People close to Ms. Murphy’s campaign said that any path to victory most likely would have involved using millions of her own dollars to buy television airtime to attack Mr. Kim.
She rejected that approach.
“It is clear to me that continuing in this race will involve waging a very divisive and negative campaign, which I am not willing to do,” she said in a video that announced the end of her campaign.
“With Donald Trump on the ballot and so much at stake for our nation, I will not in good conscience waste resources tearing down a fellow Democrat,” she added.
The governor said Tuesday that he was proud of his wife for the reasons she entered — and exited — the race.
“She stood for the right things,” Mr. Murphy told reporters. “She worked her tail off, and it was a really tough decision for her. There’s very few people in this line of business who put party over self, and that’s exactly what she did.”
The deadline for filing to run in the primary was Monday, and her campaign was not likely to get any easier in the coming months.
Commuters are facing a 15 percent summertime increase in New Jersey Transit bus and train fares that some voters will no doubt blame on the Murphy administration.
And the lawsuit that Mr. Kim filed over the design of New Jersey’s primary ballots threatened to severely undermine Ms. Murphy’s candidacy.
It also has the potential to fundamentally reshape politics in the state.
In New Jersey, preferred candidates for every office are grouped together in the same prominent column or row — ballot placement that is known as “the line” and has been proven to bestow a roughly 38 percentage point advantage. New Jersey is the only state that does it this way.
After Mr. Kim sued to end the practice, the state’s attorney general said that he agreed the ballot design was unconstitutional.
Ms. Murphy’s success, however, was dependent on appearing in the prominent ballot spot in the state’s most populous and heavily Democratic counties, including Bergen, Camden, Essex, Hudson, Middlesex and Union.
Mr. Kim reiterated late Sunday that he had no intention of dropping the suit, though he also said that he had accepted the invitation of Democratic leaders to appear on “the line” in counties that had been backing Ms. Murphy.
“We want to move away from this unfair, unconstitutional system that we’ve had in this state for too long,” Mr. Kim said in a call with reporters.
Still, his refusal to forgo “the line” if the judge does not order a ballot redesign by June 4 was immediately decried as hypocritical by some Democrats, including a rival in the primary, Ms. Campos-Medina, who has noted that she is now the only woman in the race.

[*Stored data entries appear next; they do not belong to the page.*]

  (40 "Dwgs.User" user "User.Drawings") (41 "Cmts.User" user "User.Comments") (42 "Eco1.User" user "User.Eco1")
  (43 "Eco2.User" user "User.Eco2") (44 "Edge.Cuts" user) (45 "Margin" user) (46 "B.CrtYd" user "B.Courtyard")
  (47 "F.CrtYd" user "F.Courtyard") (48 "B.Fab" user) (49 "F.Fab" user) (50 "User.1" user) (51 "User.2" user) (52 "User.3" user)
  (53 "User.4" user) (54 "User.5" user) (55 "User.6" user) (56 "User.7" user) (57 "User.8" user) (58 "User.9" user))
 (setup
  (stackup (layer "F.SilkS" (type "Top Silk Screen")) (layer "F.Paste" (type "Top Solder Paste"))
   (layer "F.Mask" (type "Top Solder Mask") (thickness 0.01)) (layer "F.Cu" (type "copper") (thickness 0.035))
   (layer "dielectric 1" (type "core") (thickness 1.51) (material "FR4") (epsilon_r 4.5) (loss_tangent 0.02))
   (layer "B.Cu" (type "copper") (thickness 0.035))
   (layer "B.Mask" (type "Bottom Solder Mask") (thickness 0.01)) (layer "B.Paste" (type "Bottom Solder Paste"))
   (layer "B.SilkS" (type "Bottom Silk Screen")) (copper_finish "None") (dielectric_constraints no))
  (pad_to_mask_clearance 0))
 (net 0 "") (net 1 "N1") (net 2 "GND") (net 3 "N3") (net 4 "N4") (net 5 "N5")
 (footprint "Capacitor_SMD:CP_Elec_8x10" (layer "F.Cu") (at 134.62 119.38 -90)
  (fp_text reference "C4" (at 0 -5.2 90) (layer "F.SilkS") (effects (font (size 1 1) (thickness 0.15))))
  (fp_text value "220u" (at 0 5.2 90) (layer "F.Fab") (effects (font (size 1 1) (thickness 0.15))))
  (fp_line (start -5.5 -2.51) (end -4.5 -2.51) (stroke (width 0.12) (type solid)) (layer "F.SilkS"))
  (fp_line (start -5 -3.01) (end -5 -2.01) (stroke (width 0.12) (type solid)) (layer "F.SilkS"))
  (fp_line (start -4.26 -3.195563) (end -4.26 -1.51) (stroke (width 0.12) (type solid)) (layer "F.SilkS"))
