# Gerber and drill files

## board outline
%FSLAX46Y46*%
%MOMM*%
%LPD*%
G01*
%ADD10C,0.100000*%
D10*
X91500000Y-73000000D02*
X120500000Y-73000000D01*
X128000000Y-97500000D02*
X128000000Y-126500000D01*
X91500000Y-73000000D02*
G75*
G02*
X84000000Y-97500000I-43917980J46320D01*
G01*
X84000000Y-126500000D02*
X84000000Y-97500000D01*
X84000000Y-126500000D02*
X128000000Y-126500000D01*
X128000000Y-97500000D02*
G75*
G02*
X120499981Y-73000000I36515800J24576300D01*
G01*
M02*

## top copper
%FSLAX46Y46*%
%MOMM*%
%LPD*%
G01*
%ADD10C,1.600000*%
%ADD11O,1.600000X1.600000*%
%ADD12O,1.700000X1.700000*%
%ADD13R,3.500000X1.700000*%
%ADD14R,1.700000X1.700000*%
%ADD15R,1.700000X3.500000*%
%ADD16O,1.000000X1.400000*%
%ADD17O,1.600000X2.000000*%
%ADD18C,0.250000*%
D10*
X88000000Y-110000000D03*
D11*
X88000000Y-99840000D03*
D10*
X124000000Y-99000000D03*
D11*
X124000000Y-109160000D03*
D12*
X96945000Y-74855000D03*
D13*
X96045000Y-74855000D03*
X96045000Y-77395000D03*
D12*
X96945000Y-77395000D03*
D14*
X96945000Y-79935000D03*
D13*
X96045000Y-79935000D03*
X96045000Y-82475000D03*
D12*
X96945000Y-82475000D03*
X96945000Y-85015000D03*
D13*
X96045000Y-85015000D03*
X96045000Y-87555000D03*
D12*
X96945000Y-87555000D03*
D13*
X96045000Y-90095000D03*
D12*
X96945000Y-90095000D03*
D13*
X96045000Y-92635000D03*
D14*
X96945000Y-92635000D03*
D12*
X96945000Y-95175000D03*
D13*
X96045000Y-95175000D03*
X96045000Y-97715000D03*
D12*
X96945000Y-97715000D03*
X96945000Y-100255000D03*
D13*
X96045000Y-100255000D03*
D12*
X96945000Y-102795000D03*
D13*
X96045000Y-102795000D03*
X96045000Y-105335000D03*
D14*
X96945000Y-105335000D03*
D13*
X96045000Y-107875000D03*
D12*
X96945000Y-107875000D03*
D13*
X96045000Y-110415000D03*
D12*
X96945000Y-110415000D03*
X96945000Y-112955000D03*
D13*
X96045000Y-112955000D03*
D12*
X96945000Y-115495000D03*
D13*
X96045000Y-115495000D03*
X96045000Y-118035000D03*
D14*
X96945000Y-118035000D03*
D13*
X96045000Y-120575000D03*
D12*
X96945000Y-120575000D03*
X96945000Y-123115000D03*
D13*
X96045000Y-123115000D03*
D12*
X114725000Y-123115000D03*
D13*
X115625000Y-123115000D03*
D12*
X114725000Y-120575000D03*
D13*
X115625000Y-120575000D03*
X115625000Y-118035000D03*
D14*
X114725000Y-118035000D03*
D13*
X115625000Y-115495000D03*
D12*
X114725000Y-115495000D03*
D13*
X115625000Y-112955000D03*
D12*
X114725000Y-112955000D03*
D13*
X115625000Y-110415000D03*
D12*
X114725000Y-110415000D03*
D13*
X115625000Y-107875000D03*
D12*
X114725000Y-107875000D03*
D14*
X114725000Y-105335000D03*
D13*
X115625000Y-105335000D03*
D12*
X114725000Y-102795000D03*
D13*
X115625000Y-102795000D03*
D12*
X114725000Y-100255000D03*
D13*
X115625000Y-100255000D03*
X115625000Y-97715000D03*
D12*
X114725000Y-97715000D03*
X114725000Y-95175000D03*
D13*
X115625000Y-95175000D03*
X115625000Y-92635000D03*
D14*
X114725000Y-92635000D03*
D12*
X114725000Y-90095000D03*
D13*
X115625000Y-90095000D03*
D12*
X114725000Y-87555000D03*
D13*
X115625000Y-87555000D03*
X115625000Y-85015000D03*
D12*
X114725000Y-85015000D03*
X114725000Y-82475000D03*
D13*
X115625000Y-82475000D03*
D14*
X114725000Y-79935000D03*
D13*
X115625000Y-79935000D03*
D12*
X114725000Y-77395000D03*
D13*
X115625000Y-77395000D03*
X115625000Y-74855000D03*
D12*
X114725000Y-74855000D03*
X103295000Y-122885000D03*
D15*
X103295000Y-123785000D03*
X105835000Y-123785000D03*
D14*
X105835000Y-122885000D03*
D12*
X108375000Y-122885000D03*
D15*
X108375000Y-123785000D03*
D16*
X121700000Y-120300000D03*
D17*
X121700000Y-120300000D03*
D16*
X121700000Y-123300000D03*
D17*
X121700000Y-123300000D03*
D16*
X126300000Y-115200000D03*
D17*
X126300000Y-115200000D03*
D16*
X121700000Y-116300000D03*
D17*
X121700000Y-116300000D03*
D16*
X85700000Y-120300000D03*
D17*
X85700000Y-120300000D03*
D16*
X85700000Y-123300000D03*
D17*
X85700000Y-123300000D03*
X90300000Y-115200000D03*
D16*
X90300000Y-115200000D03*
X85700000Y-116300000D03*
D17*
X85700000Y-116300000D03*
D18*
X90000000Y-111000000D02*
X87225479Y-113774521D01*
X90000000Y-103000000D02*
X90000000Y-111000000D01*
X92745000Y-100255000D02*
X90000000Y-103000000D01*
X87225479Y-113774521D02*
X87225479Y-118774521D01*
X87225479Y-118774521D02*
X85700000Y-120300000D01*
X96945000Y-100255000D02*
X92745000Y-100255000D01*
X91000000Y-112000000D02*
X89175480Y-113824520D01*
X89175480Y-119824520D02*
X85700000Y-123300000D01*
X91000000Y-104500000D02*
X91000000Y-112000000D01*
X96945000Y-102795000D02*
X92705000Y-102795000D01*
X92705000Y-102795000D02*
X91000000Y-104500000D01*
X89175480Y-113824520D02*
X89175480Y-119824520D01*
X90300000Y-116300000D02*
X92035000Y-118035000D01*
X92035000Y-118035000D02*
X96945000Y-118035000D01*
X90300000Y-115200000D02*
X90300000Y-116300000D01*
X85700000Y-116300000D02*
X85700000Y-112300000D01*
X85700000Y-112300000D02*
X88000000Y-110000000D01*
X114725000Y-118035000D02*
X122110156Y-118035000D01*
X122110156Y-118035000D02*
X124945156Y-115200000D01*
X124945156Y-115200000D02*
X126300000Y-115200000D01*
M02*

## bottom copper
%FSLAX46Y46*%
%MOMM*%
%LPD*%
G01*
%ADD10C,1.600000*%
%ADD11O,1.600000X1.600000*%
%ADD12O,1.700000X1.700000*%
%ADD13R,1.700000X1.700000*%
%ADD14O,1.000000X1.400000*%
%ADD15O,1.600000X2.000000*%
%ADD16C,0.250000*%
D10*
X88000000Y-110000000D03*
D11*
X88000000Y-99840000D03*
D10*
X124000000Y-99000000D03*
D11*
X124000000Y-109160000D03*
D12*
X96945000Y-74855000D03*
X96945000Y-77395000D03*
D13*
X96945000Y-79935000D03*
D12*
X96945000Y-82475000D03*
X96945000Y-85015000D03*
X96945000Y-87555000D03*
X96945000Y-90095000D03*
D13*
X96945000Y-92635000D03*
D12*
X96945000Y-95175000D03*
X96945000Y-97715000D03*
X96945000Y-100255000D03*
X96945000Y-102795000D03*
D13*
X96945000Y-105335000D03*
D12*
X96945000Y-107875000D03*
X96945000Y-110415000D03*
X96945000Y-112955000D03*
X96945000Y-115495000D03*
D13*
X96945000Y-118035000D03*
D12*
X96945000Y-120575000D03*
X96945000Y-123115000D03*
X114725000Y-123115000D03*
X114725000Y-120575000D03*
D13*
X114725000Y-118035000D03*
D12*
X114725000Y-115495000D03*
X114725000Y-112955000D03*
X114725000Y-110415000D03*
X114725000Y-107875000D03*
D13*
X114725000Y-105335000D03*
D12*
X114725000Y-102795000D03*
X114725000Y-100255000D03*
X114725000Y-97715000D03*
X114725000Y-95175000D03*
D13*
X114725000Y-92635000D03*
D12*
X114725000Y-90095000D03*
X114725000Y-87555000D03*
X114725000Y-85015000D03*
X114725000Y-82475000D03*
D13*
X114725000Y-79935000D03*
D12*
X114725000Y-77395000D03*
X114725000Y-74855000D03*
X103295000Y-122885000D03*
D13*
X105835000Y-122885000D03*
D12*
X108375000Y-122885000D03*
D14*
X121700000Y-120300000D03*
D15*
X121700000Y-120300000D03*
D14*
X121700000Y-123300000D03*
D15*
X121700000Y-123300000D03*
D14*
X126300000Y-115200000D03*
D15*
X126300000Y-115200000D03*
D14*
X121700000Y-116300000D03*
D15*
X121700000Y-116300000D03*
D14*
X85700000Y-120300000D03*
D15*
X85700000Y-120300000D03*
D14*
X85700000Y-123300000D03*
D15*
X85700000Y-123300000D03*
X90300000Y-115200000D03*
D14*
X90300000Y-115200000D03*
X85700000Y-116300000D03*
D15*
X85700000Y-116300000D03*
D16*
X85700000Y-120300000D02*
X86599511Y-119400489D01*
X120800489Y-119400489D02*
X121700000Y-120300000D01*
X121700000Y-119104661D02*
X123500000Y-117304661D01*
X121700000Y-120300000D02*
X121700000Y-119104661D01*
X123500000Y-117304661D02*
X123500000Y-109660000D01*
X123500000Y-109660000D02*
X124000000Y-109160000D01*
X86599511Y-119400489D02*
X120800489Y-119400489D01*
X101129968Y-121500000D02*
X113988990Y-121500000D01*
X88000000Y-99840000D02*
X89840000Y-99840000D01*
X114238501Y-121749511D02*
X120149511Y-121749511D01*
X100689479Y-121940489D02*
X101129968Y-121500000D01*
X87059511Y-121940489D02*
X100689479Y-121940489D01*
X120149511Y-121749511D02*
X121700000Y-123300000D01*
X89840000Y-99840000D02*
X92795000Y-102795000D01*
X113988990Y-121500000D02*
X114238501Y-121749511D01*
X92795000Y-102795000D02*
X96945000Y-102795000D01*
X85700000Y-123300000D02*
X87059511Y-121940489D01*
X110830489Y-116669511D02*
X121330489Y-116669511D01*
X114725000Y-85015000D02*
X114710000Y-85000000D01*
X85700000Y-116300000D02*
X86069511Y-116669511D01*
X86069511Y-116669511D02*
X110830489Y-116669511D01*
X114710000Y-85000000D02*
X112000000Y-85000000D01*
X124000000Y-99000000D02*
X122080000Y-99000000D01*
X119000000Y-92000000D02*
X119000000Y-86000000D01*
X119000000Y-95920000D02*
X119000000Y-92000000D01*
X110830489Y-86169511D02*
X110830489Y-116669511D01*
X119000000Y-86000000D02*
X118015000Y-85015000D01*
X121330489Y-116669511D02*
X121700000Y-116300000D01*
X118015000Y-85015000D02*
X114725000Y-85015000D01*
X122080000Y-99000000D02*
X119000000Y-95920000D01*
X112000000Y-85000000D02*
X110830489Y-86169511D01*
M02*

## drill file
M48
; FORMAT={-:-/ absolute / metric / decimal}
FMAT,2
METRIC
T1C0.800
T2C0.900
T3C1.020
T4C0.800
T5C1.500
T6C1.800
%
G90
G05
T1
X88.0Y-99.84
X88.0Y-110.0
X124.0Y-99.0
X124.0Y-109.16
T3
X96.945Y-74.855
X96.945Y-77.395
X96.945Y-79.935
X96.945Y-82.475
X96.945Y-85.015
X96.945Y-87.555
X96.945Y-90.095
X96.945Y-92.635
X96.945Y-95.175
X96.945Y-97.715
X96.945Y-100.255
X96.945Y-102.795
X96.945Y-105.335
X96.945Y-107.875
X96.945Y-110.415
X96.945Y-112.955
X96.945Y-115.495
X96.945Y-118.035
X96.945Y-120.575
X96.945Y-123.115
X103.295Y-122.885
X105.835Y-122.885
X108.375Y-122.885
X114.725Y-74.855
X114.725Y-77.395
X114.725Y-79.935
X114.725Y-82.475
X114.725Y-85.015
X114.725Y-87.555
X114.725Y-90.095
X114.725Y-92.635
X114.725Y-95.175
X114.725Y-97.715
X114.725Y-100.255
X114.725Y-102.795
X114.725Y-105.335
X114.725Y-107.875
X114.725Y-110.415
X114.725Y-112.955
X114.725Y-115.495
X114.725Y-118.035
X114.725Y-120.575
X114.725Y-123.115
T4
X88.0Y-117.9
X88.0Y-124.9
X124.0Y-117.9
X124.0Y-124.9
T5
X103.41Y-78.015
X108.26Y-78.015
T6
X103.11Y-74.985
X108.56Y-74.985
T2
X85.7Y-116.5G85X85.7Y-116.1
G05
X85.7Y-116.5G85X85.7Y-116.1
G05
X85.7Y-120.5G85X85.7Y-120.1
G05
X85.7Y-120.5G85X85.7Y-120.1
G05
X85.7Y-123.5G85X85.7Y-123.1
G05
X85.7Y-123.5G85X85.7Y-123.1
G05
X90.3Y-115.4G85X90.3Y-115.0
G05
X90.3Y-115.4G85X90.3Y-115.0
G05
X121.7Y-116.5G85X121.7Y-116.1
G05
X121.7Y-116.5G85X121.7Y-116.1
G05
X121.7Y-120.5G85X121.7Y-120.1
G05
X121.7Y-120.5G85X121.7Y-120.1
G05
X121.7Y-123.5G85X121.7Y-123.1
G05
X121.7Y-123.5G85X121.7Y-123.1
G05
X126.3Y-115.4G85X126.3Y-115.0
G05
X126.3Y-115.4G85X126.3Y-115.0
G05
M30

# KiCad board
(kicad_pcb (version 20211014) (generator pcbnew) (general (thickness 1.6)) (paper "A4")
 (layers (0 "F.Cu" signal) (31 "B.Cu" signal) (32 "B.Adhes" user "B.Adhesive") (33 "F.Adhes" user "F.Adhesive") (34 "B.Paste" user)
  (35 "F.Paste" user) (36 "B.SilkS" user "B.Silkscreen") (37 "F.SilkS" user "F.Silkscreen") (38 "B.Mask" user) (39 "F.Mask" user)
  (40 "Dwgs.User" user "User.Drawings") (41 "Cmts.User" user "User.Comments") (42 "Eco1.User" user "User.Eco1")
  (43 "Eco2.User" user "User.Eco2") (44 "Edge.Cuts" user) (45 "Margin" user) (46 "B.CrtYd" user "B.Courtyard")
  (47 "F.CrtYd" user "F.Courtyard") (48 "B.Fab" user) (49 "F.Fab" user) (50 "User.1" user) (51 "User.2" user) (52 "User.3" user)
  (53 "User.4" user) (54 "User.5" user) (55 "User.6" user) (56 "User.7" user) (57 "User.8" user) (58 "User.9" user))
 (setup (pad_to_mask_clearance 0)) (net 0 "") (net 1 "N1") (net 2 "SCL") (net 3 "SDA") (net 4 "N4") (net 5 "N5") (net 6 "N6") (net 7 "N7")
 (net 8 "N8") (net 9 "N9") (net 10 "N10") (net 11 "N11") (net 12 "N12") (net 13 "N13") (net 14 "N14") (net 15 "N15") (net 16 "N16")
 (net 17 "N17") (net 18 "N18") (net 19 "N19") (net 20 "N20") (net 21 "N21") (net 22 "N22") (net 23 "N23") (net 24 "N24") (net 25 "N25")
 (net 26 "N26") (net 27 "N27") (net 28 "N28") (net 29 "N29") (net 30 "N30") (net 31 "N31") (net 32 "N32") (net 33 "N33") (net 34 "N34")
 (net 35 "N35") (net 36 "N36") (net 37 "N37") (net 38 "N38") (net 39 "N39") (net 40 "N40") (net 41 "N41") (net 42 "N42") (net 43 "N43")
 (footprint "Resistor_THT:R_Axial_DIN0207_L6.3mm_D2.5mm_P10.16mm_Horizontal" (layer "F.Cu") (at 88 110 90)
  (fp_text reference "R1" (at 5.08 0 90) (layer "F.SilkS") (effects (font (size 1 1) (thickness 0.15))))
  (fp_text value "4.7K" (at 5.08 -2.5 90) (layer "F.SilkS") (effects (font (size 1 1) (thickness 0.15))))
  (pad "1" thru_hole circle (at 0 0 90) (size 1.6 1.6) (drill 0.8) (layers *.Cu *.Mask) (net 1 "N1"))
  (pad "2" thru_hole oval (at 10.16 0 90) (size 1.6 1.6) (drill 0.8) (layers *.Cu *.Mask) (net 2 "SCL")))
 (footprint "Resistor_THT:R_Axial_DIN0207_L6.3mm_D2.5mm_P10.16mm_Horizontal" (layer "F.Cu") (at 124 99 -90)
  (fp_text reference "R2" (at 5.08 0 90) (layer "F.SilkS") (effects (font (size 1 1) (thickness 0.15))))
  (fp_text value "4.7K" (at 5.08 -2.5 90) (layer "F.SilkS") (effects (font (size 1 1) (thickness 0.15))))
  (pad "1" thru_hole circle (at 0 0 270) (size 1.6 1.6) (drill 0.8) (layers *.Cu *.Mask) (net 1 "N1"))
  (pad "2" thru_hole oval (at 10.16 0 270) (size 1.6 1.6) (drill 0.8) (layers *.Cu *.Mask) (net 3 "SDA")))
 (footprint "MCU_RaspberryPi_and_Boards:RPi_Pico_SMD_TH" (layer "F.Cu") (at 105.835 98.985)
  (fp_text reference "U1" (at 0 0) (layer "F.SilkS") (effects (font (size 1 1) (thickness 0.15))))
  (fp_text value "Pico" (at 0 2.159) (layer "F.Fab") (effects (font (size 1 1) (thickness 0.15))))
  (pad "" np_thru_hole oval (at 2.725 -24) (size 1.8 1.8) (drill 1.8) (layers *.Cu *.Mask))
  (pad "" np_thru_hole oval (at -2.725 -24) (size 1.8 1.8) (drill 1.8) (layers *.Cu *.Mask))
  (pad "" np_thru_hole oval (at -2.425 -20.97) (size 1.5 1.5) (drill 1.5) (layers *.Cu *.Mask))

County political leaders opposed to Mr. Kim’s request have also argued that Ms. Murphy’s decision to quit eliminated the need for the judge to order the state to rush to implement a new ballot structure before clerks must begin to mail ballots on April 20. (“This new development drastically changes the relevant analysis of irreparable harm,” Mark R. Natale, a lawyer representing Burlington County, wrote in a court filing.)
Scott D. Salmon, Ms. Campos-Medina’s lawyer, disagreed.
“The same immediate irreparable harm that Ms. Campos-Medina will suffer if compelled to compete under the county line system still exists today, as it did yesterday,” Mr. Salmon wrote to the judge.
“And if a statute was unconstitutional yesterday, it is still unconstitutional today.”